Mais curieusement, à la date du 04 juillet, qui a vu le report des assises par le C.E, sur 55 sections, pas plus de 12 n’avaient pu se mettre à jour. D’où cette décision de rejeter la date de trois mois.
Mais ce qu’on n’a pas dit et qui intéresse les amoureux de la chose politique, c’est qu’il y a des obstacles qui se dressent sur le chemin de plusieurs sections. En plus des divergences qui sont, du reste, normales, comme à Kita, entre Moustapha Sissoko et Makan Aliou Tounkara, un autre problème se situe au niveau du mariage entre les anciens textes et les flux de militants. Ces derniers temps, la ruche a fait l’objet d’adhésions massives avec des partis entiers qui se sont fondus en son sein. Or, tout parti qui arrive vient avec un plan de promotion pour ces militants, généralement contenu dans les clauses qui consacrent sa fusion. Il se trouve que les textes sur la base desquels les sections doivent être mises en place, ne permettent pas de faire face aux besoins des militants, qui cherchent à se faire enrôler dans les différents organes. Les bureaux prévus par les textes actuels étant trop restreints, ils ne permettent pas de ce fait à beaucoup de personnes d’y siéger.
Des militants voulant coûte que coûte se voir dans le bureau, créent des situations inextricables. Les nouveaux textes qui sortiront d’un toilettage lors du congrès prochain devraient voir un élargissement des bureaux, afin de donner de la place à beaucoup de militants comme l’a fait l’URD lors de son récent congrès. Selon des sources bien introduites, c’est de tels scénarios qui seraient à l’origine du blocage en Commune V et dans la cité du Kénédougou. En plus de ces petits écueils à la base, il faut ajouter que le Comité Exécutif risque de vivre des moments tourmentés, car, une guerre de loups attend les barons au tour du positionnement au sein de la ruche.
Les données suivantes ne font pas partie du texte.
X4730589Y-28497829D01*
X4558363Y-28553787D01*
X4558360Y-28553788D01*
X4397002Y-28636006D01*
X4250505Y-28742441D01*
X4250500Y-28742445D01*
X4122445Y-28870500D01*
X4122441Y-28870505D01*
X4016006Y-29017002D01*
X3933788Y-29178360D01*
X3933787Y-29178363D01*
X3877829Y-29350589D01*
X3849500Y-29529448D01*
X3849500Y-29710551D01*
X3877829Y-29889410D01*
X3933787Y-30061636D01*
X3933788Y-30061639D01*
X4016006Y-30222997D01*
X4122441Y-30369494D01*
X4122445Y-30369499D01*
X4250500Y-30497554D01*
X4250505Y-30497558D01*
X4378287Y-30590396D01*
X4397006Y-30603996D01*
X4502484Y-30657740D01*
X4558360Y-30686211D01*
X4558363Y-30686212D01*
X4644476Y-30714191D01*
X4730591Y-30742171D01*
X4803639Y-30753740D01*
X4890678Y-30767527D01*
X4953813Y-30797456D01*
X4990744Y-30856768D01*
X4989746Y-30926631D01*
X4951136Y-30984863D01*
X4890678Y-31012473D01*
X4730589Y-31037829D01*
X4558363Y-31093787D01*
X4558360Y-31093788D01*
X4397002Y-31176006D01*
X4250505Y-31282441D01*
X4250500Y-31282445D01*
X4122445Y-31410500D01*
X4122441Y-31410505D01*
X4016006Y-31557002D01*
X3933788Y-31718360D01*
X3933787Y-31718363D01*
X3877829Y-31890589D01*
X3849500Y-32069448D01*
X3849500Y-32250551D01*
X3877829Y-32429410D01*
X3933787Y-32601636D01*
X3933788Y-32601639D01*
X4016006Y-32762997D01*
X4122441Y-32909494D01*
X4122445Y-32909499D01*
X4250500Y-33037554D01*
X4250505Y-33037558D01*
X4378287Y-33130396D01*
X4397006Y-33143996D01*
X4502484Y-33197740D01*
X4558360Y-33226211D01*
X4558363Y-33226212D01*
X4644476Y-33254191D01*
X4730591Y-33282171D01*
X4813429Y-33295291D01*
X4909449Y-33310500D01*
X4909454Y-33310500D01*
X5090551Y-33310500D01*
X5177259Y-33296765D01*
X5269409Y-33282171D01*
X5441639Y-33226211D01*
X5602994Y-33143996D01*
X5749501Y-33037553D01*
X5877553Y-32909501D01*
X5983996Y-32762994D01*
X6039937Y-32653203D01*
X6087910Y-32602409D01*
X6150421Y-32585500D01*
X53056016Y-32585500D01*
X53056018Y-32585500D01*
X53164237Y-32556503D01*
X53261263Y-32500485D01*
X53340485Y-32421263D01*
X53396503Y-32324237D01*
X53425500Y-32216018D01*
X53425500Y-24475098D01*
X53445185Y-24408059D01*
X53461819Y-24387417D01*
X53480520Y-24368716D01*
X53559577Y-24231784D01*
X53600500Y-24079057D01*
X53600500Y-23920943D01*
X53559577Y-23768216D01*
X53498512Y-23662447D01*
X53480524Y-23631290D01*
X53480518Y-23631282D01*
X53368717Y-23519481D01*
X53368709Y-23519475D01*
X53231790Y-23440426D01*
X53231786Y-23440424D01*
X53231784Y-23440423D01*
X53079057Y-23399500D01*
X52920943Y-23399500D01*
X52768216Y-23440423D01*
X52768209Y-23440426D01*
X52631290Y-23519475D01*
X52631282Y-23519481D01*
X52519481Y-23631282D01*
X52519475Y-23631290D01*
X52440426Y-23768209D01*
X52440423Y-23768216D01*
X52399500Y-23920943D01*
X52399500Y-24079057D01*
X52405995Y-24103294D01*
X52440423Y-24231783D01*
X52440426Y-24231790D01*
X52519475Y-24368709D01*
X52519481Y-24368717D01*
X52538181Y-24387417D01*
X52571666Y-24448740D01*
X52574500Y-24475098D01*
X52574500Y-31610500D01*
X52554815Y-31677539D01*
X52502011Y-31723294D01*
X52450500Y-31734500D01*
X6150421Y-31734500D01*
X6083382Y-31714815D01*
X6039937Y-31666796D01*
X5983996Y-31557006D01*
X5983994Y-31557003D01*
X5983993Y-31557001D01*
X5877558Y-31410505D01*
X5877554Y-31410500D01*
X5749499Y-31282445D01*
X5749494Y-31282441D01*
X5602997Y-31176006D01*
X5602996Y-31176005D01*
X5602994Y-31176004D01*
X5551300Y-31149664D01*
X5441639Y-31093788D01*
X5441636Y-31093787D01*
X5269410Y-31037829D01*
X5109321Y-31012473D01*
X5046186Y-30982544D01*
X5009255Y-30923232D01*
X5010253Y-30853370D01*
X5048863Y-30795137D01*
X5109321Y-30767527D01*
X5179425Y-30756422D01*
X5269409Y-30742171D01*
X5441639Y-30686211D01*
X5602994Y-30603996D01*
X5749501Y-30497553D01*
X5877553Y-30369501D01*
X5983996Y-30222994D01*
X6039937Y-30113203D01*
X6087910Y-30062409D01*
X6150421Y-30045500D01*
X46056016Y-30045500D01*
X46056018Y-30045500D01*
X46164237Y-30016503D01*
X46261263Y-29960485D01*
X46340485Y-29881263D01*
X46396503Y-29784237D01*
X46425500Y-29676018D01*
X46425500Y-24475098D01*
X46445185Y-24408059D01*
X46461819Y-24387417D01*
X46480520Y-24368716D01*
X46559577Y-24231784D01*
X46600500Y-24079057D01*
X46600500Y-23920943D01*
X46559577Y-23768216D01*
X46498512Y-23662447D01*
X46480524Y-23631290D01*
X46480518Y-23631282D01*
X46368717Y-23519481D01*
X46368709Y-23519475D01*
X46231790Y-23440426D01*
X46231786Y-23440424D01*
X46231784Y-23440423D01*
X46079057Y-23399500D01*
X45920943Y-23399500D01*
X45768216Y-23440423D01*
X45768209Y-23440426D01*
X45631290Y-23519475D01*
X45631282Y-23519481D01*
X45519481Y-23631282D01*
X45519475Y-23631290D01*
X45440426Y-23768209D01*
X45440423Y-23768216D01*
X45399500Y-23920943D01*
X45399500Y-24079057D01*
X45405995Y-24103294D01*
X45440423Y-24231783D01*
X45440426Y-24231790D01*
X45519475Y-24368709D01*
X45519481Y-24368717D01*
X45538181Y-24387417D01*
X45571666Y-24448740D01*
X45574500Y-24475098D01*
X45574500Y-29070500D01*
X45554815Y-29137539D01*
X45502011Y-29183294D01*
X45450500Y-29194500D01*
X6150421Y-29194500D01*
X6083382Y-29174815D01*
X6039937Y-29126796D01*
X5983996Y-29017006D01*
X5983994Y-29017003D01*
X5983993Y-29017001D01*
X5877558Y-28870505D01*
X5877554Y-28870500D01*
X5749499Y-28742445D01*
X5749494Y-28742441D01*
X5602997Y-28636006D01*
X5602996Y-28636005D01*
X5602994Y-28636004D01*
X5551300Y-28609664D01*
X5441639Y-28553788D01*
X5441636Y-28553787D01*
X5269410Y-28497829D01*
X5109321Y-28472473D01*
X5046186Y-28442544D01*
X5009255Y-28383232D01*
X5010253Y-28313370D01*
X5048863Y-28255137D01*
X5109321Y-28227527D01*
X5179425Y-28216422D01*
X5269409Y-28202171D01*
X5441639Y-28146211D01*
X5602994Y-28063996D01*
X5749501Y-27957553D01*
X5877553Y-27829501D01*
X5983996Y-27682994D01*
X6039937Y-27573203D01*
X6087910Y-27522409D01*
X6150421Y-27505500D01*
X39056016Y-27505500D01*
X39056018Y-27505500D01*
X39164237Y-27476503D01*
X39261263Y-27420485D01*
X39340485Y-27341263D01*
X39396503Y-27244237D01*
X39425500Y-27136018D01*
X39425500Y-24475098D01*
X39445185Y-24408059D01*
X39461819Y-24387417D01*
En effet, le C.E de l’ADEMA affrontera ce congrès dans un déficit de solidarité qui pourra tourner, si on n’y prend garde, à des règlements de comptes.
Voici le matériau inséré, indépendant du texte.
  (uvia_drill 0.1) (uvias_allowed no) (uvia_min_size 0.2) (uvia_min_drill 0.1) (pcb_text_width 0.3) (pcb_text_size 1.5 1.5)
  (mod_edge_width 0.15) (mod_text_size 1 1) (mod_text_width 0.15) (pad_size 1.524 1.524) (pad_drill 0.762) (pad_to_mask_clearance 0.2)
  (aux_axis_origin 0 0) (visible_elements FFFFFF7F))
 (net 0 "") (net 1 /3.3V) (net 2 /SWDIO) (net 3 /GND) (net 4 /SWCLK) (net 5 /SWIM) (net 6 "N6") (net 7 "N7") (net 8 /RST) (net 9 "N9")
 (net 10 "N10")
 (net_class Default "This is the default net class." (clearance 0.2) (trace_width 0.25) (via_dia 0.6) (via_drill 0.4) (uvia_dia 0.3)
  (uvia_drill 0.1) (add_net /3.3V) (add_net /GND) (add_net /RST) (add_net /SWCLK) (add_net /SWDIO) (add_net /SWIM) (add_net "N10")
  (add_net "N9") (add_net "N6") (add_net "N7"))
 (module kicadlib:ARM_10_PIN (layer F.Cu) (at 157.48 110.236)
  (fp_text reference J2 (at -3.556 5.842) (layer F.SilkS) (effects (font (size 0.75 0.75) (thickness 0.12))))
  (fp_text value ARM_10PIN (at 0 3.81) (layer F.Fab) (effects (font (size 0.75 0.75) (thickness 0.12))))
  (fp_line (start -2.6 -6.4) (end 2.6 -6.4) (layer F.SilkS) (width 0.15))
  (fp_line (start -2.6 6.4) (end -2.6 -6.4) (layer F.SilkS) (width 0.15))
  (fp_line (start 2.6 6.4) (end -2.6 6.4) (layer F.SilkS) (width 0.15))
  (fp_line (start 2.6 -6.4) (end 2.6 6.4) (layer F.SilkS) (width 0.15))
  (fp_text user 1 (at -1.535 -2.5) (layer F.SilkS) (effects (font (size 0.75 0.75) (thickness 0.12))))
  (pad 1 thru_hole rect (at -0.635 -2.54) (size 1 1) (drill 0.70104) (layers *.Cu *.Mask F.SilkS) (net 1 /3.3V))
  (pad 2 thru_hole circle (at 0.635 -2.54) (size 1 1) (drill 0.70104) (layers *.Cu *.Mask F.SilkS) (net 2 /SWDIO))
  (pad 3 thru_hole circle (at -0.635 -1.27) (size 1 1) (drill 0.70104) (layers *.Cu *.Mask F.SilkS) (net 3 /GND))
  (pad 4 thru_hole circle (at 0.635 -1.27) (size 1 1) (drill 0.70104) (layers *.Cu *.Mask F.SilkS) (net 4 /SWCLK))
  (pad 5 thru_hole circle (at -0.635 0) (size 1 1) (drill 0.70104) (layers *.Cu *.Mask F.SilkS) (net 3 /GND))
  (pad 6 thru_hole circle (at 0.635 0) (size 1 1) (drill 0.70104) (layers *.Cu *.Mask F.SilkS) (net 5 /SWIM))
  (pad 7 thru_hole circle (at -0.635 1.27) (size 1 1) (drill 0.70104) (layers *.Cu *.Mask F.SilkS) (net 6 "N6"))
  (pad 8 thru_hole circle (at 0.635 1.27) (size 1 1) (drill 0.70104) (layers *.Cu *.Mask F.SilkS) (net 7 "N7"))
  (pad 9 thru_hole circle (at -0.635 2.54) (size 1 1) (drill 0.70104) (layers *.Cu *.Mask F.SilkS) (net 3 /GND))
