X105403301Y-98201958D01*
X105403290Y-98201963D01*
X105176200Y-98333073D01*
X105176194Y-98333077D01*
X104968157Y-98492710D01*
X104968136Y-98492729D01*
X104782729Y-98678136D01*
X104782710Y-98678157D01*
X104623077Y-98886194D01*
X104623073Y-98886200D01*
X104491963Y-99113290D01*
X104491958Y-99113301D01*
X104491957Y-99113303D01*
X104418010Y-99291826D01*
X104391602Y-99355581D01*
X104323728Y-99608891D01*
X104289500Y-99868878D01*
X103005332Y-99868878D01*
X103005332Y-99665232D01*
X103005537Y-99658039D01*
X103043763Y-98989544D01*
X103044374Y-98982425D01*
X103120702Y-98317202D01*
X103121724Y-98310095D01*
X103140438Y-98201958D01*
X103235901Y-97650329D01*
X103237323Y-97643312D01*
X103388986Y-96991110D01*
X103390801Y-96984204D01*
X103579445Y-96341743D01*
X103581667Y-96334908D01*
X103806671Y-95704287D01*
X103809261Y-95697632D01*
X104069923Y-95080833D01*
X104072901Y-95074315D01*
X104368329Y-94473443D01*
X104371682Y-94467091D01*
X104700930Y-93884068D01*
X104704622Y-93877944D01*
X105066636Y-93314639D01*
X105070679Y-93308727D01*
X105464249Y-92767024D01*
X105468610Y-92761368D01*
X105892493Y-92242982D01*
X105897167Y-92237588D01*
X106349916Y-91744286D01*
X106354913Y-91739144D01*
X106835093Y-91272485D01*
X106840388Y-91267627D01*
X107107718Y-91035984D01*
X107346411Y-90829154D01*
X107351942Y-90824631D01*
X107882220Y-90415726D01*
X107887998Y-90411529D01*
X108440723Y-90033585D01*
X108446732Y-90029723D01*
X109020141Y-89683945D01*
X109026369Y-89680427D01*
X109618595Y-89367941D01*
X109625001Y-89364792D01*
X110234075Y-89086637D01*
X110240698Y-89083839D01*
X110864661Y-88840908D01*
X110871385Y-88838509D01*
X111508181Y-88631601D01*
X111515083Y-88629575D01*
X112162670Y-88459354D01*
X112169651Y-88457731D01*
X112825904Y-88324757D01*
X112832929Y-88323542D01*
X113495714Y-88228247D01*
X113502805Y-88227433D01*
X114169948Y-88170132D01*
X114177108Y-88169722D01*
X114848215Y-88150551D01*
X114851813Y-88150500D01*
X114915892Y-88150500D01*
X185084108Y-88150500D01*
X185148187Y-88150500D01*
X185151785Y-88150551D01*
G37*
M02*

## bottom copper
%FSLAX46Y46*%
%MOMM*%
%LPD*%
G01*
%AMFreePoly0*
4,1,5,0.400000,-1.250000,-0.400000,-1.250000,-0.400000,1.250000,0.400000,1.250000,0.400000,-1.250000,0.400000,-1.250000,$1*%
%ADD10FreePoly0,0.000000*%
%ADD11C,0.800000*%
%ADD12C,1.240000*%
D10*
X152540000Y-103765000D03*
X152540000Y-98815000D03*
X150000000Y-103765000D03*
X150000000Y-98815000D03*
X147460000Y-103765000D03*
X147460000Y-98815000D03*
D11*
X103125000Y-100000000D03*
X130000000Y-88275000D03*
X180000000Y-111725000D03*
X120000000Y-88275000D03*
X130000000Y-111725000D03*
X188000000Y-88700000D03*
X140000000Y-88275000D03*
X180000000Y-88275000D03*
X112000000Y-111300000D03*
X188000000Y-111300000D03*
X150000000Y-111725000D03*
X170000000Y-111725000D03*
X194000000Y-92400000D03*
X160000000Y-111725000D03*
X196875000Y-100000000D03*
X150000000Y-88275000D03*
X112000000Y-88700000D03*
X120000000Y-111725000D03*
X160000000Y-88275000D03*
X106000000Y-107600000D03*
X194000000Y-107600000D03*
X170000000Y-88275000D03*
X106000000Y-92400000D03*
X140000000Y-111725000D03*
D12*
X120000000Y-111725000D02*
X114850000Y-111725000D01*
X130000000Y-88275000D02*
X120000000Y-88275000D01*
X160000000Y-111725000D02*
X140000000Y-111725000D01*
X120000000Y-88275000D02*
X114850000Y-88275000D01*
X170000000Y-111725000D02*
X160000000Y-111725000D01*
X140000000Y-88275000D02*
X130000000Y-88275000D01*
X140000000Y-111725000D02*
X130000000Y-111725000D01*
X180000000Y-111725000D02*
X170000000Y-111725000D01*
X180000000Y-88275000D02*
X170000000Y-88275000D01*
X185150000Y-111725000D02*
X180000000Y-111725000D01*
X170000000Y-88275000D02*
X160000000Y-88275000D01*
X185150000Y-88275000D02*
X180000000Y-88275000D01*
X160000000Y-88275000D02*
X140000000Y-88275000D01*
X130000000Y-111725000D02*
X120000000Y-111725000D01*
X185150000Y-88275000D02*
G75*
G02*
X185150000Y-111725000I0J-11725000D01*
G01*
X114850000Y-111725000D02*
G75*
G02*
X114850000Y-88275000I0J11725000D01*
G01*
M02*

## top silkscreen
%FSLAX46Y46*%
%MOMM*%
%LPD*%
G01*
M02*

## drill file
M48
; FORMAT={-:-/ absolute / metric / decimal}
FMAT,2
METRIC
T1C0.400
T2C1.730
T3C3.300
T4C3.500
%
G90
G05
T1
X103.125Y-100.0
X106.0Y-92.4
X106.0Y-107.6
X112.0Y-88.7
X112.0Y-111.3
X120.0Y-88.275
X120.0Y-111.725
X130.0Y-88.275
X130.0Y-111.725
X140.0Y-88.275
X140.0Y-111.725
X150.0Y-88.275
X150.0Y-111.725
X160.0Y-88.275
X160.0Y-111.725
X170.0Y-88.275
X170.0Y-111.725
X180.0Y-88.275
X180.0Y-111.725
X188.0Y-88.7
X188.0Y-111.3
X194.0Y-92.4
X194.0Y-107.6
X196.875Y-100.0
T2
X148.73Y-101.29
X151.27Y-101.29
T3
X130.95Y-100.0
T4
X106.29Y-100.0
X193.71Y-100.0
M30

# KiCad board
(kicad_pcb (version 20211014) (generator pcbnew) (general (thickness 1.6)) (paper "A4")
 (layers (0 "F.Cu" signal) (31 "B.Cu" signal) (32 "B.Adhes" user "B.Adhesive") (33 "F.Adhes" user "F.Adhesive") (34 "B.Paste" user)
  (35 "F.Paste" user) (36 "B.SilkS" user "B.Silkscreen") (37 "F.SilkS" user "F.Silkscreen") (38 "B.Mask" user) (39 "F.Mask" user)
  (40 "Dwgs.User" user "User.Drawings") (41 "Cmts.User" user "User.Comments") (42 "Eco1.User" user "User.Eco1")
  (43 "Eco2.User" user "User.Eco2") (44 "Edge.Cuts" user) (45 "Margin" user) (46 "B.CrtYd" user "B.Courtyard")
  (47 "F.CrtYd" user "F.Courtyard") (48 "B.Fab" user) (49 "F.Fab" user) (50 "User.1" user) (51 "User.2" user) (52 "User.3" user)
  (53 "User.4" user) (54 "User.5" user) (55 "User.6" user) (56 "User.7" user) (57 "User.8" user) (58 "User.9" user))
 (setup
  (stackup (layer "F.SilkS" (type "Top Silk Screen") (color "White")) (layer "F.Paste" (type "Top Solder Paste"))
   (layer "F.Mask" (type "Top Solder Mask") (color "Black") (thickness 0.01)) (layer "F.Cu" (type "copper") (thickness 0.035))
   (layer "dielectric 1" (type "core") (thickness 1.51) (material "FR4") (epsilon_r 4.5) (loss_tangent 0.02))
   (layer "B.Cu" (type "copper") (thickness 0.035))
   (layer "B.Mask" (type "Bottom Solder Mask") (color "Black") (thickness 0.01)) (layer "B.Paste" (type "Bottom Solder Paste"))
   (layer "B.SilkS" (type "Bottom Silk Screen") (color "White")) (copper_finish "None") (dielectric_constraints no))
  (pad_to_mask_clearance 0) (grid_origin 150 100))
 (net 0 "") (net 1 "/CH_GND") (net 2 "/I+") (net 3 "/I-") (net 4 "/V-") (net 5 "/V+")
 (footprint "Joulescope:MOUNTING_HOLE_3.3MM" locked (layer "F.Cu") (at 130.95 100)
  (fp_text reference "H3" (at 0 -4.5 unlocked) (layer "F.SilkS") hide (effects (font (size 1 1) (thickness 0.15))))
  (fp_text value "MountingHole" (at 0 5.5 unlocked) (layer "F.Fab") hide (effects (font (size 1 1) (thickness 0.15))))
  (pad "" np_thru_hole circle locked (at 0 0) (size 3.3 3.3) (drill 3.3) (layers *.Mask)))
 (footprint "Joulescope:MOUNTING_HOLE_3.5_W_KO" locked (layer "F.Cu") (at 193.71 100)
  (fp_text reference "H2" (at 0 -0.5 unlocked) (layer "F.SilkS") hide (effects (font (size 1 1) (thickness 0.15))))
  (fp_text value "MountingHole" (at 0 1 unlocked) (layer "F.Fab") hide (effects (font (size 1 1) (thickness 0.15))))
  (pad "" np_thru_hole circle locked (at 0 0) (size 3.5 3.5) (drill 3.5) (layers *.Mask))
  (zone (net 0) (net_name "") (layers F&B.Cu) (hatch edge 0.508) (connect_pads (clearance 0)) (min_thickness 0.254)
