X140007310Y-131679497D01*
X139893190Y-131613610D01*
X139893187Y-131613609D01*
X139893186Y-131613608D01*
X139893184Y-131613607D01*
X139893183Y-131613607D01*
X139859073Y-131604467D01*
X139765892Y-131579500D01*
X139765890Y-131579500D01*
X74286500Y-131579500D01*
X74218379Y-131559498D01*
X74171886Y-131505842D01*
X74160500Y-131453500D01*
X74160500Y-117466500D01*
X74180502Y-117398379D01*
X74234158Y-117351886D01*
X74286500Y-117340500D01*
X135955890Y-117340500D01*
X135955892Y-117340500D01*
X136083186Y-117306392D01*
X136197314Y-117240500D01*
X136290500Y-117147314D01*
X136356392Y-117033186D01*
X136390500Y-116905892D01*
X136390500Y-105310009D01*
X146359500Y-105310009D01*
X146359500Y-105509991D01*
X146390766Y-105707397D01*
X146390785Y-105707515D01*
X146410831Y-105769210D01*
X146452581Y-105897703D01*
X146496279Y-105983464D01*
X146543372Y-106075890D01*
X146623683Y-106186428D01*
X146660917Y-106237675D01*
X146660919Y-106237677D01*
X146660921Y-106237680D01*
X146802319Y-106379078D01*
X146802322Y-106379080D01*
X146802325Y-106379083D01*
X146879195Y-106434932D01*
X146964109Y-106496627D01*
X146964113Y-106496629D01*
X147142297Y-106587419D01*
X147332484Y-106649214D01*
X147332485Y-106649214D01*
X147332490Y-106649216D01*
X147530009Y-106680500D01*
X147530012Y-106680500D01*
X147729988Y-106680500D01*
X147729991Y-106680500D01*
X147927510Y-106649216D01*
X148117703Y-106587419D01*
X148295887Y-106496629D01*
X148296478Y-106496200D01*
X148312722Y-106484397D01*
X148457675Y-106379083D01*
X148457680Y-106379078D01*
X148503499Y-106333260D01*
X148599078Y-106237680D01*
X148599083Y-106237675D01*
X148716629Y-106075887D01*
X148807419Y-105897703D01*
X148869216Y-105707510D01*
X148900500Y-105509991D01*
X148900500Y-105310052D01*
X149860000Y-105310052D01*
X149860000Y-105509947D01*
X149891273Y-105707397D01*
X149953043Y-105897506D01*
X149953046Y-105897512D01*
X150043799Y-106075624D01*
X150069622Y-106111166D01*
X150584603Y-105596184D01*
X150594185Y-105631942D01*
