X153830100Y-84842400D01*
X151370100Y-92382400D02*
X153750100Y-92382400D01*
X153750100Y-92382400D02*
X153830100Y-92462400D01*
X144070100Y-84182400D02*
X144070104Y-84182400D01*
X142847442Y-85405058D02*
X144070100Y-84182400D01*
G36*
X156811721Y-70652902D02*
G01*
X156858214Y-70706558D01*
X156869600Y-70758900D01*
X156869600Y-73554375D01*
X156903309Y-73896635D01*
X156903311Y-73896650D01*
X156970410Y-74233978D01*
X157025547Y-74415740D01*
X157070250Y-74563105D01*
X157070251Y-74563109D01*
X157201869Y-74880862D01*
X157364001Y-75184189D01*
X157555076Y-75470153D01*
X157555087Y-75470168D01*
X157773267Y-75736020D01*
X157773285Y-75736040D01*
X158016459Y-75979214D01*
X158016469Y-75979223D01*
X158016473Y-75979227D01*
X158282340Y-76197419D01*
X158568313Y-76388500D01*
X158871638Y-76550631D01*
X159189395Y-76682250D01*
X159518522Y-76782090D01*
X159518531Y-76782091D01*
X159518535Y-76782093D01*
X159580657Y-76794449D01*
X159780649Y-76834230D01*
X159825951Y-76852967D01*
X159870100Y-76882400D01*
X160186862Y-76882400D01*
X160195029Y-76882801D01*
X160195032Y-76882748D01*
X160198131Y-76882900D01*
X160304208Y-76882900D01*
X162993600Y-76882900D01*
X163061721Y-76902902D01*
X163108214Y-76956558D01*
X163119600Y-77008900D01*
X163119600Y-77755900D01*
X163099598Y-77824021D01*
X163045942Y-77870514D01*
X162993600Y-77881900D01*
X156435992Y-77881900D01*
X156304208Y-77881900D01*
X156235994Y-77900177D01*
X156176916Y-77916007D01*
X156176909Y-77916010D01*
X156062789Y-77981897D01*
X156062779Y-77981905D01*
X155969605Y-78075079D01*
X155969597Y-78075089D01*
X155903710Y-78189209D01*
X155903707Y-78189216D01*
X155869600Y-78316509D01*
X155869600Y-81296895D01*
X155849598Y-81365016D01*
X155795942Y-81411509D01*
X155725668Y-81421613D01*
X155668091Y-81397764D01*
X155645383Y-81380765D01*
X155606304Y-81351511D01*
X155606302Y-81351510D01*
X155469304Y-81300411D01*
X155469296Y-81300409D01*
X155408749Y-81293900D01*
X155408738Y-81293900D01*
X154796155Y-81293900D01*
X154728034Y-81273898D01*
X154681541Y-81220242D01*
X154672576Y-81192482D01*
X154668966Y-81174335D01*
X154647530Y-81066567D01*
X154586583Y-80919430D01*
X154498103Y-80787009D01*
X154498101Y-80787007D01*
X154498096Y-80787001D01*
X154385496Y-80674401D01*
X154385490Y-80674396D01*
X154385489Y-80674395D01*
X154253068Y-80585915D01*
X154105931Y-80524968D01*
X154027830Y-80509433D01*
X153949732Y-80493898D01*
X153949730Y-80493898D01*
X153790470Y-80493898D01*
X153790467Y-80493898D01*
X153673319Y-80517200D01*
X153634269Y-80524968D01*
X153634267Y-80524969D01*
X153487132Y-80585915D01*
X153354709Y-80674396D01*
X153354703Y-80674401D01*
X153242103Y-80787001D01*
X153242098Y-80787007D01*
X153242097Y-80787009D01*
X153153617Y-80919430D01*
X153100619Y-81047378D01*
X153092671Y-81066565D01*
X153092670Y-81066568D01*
Ousmane Sy qu’on avait empêché en Commune V de siéger dans le C.E sera présent, puisque devenu secrétaire général de la section de Badiangara. Adama Sangaré, cet autre revenant en puissance (secrétaire général de la section III du District) et son allié Abdoul Kader Sidibé, maire de la Commune III, veulent faire la peau au déserteur Soumeylou Boubèye Maïga, qui n’est pas sûr d’être sur la liste des délégués. La guerre feutrée entre ce même Soumeylou 1er Vice-président et le second vice-président, Ibrahima N’Diaye, ministre de l’emploi et de la formation professionnelle n’est pas à négliger. A cela s’ajoute la détermination de ceux qui ont été promus à la base d’en découdre avec certains membres du C.E qui n’ont plus de base.
En effet, ils sont désormais nombreux, les membres du Comité Exécutif qui n’ont plus de bases et n’ont derrière eux que leurs nuques, mais pourtant bien positionnés dans hiérarchie de la Ruche, et qui veulent coûte que coûte se maintenir. « Ça ne marchera plus », nous a confié un baron. Voilà déjà autant de défis qui se dressent sur le chemin de ce congrès, auxquels il faudra ajouter la gestion des arrivants, qui ne viennent pas pour tirer la queue mais pour se voir au sommet, surtout quand on sait que le président des Abeilles, Dioncounda Traoré les a toujours réconfortés en cela, en disant à qui veut l’entendre qu’il ne saurait y avoir d’anciens et de nouveaux militants dans l’ADEMA. Alors à militants égaux, ambitions égales.